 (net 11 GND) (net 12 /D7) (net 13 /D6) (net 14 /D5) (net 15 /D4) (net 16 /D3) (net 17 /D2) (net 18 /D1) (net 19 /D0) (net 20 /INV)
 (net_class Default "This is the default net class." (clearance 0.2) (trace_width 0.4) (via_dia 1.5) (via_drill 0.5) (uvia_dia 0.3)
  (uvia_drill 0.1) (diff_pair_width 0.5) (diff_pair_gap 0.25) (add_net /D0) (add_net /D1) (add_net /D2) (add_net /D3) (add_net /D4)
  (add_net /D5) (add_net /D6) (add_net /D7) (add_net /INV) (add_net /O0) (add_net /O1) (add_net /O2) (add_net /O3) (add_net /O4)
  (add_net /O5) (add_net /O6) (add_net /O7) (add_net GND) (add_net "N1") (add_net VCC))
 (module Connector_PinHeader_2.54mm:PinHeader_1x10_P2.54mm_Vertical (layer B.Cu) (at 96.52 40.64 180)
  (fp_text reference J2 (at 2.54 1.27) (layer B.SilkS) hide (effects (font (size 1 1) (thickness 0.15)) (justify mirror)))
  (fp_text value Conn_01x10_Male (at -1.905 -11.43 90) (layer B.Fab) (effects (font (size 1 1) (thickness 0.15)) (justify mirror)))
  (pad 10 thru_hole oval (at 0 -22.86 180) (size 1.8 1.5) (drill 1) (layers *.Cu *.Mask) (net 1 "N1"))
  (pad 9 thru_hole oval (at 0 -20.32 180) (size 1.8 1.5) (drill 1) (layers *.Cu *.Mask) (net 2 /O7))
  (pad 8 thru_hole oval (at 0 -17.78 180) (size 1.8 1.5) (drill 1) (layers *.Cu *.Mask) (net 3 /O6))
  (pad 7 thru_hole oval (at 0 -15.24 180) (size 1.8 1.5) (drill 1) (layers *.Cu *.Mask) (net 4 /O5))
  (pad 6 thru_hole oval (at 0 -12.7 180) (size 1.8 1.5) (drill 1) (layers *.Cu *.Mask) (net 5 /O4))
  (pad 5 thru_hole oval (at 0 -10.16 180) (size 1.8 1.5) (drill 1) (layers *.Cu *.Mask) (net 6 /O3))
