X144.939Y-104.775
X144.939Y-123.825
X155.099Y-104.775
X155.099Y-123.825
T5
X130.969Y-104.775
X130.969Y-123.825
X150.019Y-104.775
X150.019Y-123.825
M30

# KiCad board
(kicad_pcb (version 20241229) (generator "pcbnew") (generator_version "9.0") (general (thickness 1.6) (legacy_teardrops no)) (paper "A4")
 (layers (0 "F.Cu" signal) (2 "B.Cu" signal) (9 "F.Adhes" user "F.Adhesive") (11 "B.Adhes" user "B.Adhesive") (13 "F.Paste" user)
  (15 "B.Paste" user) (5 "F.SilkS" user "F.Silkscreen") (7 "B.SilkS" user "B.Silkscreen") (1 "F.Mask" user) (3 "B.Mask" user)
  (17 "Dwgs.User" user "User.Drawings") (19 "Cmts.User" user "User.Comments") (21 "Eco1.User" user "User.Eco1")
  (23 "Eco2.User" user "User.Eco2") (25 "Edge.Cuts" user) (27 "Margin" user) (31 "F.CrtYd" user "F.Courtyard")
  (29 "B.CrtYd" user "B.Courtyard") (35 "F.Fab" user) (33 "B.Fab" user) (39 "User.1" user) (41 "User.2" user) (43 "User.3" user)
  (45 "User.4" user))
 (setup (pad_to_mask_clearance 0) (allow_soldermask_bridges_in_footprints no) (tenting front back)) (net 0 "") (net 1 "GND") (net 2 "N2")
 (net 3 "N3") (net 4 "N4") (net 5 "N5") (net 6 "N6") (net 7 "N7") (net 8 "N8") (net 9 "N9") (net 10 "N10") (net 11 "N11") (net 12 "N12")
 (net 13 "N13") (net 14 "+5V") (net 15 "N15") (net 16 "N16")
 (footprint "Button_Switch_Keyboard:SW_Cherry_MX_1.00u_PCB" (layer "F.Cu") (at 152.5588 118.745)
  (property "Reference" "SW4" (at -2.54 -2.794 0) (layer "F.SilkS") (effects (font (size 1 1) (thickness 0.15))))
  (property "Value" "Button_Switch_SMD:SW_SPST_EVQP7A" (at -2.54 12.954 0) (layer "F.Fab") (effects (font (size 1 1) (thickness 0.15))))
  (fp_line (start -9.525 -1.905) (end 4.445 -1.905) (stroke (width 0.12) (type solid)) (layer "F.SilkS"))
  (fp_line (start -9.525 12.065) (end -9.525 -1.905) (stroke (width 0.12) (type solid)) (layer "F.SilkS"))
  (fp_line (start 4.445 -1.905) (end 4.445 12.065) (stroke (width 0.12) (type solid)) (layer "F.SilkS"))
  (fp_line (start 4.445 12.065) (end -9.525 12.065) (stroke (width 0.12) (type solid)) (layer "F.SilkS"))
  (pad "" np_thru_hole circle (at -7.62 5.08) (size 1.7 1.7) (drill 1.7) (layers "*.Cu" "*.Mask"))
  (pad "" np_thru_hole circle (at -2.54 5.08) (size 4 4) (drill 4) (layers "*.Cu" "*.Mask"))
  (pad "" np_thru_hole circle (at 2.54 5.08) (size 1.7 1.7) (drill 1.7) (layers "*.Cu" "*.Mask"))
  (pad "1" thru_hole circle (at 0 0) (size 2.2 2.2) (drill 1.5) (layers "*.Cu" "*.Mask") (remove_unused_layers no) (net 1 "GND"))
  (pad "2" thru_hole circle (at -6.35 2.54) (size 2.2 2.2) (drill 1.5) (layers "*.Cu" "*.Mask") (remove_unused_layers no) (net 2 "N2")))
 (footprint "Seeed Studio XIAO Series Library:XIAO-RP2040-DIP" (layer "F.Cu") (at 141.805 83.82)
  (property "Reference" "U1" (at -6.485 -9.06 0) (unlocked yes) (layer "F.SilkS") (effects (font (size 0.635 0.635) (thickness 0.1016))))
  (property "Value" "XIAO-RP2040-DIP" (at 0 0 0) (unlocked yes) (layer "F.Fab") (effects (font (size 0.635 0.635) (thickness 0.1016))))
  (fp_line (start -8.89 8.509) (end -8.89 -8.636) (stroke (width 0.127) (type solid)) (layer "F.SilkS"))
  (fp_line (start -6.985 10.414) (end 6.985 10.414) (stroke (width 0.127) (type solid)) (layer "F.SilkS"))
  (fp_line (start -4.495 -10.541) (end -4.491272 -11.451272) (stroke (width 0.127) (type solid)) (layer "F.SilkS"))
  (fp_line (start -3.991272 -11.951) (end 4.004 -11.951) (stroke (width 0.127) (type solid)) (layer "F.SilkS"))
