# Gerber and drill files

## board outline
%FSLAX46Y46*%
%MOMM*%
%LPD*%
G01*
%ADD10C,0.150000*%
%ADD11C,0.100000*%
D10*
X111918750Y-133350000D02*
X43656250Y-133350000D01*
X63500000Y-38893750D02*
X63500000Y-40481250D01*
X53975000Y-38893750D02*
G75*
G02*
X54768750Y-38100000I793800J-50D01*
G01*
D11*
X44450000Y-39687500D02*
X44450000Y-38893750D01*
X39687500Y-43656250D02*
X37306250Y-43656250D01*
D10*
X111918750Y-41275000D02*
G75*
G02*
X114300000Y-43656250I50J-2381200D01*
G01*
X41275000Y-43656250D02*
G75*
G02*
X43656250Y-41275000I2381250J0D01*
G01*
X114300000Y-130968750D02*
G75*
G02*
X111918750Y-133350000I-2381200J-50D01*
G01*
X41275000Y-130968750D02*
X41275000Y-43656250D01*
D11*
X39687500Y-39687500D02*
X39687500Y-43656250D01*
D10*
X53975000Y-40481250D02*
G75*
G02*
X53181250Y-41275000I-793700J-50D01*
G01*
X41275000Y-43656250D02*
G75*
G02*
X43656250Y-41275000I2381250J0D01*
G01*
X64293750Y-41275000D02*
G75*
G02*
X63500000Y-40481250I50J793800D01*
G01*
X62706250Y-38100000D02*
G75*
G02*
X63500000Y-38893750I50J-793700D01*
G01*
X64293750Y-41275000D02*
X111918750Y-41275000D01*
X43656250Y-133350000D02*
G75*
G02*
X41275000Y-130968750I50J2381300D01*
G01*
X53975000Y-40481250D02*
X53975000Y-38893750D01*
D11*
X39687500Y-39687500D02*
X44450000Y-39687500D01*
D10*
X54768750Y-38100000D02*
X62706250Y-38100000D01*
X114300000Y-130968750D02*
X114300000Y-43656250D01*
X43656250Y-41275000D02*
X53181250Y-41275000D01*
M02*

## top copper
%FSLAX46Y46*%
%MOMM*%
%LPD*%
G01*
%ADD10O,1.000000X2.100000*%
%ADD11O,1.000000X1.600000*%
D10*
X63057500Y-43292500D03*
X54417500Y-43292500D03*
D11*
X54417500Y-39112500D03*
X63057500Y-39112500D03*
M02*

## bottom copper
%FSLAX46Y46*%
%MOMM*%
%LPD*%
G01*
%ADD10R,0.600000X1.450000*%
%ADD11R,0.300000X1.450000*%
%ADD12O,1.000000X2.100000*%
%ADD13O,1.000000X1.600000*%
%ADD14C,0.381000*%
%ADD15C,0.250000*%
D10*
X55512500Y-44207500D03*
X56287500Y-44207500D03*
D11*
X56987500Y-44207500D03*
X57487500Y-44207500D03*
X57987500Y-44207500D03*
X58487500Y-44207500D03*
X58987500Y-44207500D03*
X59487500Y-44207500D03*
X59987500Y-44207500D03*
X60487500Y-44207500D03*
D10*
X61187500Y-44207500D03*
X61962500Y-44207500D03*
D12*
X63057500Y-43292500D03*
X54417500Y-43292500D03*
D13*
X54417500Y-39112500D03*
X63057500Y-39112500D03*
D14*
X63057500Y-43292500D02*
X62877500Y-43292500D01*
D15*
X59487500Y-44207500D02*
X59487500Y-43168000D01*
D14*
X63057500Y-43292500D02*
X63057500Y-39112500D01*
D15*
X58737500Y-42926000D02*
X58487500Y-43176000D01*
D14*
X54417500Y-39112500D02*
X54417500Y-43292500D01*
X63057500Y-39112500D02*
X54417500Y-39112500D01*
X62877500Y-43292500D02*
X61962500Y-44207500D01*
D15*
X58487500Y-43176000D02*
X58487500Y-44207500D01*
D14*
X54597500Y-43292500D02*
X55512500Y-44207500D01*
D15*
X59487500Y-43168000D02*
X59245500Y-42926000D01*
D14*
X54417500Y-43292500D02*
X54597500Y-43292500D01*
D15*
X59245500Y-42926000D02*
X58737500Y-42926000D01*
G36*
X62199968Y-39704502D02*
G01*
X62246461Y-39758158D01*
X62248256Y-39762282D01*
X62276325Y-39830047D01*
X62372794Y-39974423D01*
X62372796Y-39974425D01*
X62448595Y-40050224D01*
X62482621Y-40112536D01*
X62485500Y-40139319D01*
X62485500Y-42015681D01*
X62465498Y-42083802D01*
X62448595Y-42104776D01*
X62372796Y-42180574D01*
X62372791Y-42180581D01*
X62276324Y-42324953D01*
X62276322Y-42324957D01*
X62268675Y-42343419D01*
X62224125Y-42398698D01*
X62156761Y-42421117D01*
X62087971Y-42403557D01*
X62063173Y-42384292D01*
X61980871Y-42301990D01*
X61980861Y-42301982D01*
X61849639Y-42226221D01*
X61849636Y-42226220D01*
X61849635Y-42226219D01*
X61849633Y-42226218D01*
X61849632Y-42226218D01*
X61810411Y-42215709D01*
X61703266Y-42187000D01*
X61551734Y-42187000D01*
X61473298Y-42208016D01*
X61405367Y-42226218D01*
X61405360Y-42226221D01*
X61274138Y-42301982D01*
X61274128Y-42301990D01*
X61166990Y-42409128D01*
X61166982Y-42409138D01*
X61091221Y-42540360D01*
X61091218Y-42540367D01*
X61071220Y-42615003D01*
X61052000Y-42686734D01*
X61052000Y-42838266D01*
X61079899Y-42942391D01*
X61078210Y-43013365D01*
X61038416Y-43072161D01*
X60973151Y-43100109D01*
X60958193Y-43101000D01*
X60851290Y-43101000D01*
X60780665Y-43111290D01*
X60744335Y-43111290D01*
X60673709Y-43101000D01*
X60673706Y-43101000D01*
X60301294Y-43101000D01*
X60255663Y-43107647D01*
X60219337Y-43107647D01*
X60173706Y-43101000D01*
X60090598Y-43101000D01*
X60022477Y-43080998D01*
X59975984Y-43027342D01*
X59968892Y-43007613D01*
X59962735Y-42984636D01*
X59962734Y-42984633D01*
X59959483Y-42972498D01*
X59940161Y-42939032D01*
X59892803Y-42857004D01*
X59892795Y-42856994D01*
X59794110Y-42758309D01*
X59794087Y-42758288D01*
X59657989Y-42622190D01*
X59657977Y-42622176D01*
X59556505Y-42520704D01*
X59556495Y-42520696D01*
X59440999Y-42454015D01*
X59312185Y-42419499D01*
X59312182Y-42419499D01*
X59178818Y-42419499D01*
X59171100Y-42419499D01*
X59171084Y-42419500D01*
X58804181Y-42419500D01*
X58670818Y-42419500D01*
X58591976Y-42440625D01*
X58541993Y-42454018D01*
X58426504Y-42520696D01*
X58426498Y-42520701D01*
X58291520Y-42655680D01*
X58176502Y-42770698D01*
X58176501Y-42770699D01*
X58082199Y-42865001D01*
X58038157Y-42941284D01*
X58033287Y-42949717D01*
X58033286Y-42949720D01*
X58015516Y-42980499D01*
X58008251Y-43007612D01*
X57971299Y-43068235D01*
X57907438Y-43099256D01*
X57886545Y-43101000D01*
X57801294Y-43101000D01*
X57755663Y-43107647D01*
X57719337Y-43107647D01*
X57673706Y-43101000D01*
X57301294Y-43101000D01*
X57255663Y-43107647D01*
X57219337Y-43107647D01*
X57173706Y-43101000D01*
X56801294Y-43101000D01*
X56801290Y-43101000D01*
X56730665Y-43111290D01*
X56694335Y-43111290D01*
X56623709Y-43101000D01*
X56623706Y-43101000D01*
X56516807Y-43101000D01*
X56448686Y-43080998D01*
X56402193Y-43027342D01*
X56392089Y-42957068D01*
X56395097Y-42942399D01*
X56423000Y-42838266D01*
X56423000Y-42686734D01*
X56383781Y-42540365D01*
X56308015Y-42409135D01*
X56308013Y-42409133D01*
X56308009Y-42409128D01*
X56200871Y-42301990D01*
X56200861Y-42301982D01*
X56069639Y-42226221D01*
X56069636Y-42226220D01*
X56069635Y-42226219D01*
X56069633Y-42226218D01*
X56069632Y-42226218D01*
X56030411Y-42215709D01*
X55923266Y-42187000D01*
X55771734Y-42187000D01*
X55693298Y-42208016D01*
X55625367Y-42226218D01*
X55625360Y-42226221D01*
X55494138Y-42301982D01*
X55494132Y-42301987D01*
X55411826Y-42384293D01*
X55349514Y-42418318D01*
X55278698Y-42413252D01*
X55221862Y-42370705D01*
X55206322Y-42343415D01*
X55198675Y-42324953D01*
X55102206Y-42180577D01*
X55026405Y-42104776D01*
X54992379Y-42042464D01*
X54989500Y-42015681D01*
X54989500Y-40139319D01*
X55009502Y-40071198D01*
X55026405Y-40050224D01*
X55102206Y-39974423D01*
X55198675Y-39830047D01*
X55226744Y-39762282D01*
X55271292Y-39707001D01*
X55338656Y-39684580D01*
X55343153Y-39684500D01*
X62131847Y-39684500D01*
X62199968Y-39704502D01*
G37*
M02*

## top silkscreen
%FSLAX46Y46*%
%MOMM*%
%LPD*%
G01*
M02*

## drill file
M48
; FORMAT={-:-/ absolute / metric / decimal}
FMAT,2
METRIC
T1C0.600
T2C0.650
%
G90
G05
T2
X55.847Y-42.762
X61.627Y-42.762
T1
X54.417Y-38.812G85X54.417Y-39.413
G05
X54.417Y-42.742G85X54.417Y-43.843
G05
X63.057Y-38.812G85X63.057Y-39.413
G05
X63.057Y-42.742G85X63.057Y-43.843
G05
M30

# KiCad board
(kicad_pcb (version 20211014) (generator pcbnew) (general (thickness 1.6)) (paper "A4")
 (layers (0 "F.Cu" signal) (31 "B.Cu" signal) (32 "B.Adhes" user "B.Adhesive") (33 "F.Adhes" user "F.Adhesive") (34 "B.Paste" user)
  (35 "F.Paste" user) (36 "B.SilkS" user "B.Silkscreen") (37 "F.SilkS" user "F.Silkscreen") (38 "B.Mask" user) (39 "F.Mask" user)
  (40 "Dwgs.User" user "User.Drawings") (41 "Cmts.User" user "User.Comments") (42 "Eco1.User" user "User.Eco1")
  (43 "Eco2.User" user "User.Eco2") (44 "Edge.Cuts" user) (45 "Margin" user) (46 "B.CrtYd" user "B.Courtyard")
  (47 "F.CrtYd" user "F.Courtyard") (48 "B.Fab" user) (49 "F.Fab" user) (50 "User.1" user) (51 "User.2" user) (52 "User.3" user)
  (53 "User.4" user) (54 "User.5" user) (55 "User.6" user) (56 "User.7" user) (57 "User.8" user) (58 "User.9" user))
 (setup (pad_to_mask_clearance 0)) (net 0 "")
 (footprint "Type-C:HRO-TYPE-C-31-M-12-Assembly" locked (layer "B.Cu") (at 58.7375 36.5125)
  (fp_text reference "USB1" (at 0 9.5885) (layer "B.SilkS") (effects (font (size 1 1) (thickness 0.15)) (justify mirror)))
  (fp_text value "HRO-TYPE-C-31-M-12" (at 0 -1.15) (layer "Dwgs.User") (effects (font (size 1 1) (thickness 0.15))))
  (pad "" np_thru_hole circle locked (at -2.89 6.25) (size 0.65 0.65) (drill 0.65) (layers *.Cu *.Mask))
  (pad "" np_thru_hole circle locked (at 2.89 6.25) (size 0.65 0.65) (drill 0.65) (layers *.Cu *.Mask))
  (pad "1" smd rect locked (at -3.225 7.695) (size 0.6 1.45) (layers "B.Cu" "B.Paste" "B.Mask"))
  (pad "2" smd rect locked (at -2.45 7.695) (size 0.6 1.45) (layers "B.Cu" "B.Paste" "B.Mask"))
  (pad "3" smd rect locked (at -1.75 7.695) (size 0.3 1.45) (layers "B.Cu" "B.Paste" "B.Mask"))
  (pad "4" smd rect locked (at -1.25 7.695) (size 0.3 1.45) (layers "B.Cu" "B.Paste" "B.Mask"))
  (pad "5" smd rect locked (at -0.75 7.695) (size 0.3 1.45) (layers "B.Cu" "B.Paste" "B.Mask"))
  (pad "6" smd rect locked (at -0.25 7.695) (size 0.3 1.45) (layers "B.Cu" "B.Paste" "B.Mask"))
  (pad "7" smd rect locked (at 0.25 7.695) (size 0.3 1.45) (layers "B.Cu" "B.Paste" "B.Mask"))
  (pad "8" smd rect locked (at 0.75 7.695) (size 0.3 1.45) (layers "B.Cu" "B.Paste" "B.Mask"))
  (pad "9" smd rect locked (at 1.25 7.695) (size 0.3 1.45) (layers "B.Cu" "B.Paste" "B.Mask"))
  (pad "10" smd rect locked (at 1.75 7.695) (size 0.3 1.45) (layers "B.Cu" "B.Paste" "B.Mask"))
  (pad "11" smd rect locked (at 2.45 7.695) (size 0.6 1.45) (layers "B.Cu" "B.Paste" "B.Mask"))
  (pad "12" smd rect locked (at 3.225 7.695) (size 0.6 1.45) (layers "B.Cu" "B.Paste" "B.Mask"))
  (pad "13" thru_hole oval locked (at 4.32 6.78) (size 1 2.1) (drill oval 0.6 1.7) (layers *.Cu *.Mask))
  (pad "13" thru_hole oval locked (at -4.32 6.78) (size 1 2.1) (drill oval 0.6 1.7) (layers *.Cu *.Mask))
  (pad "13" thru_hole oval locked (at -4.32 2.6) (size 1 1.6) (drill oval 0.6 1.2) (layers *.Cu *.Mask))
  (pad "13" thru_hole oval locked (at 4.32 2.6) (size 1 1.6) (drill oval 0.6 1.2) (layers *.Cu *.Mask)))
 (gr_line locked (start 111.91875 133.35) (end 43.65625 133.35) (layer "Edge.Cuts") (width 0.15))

★ ★ ★ ★

Aim of the task >>
The stretch of entries above that starts with the line containing "(setup (pad_to_mask_clearance 0))" and goes on through the line containing "(at 0 9.5885)" is to be transcribed exactly, and no other line is to be transcribed.

Exercise response >>
 (setup (pad_to_mask_clearance 0)) (net 0 "")
 (footprint "Type-C:HRO-TYPE-C-31-M-12-Assembly" locked (layer "B.Cu") (at 58.7375 36.5125)
  (fp_text reference "USB1" (at 0 9.5885) (layer "B.SilkS") (effects (font (size 1 1) (thickness 0.15)) (justify mirror)))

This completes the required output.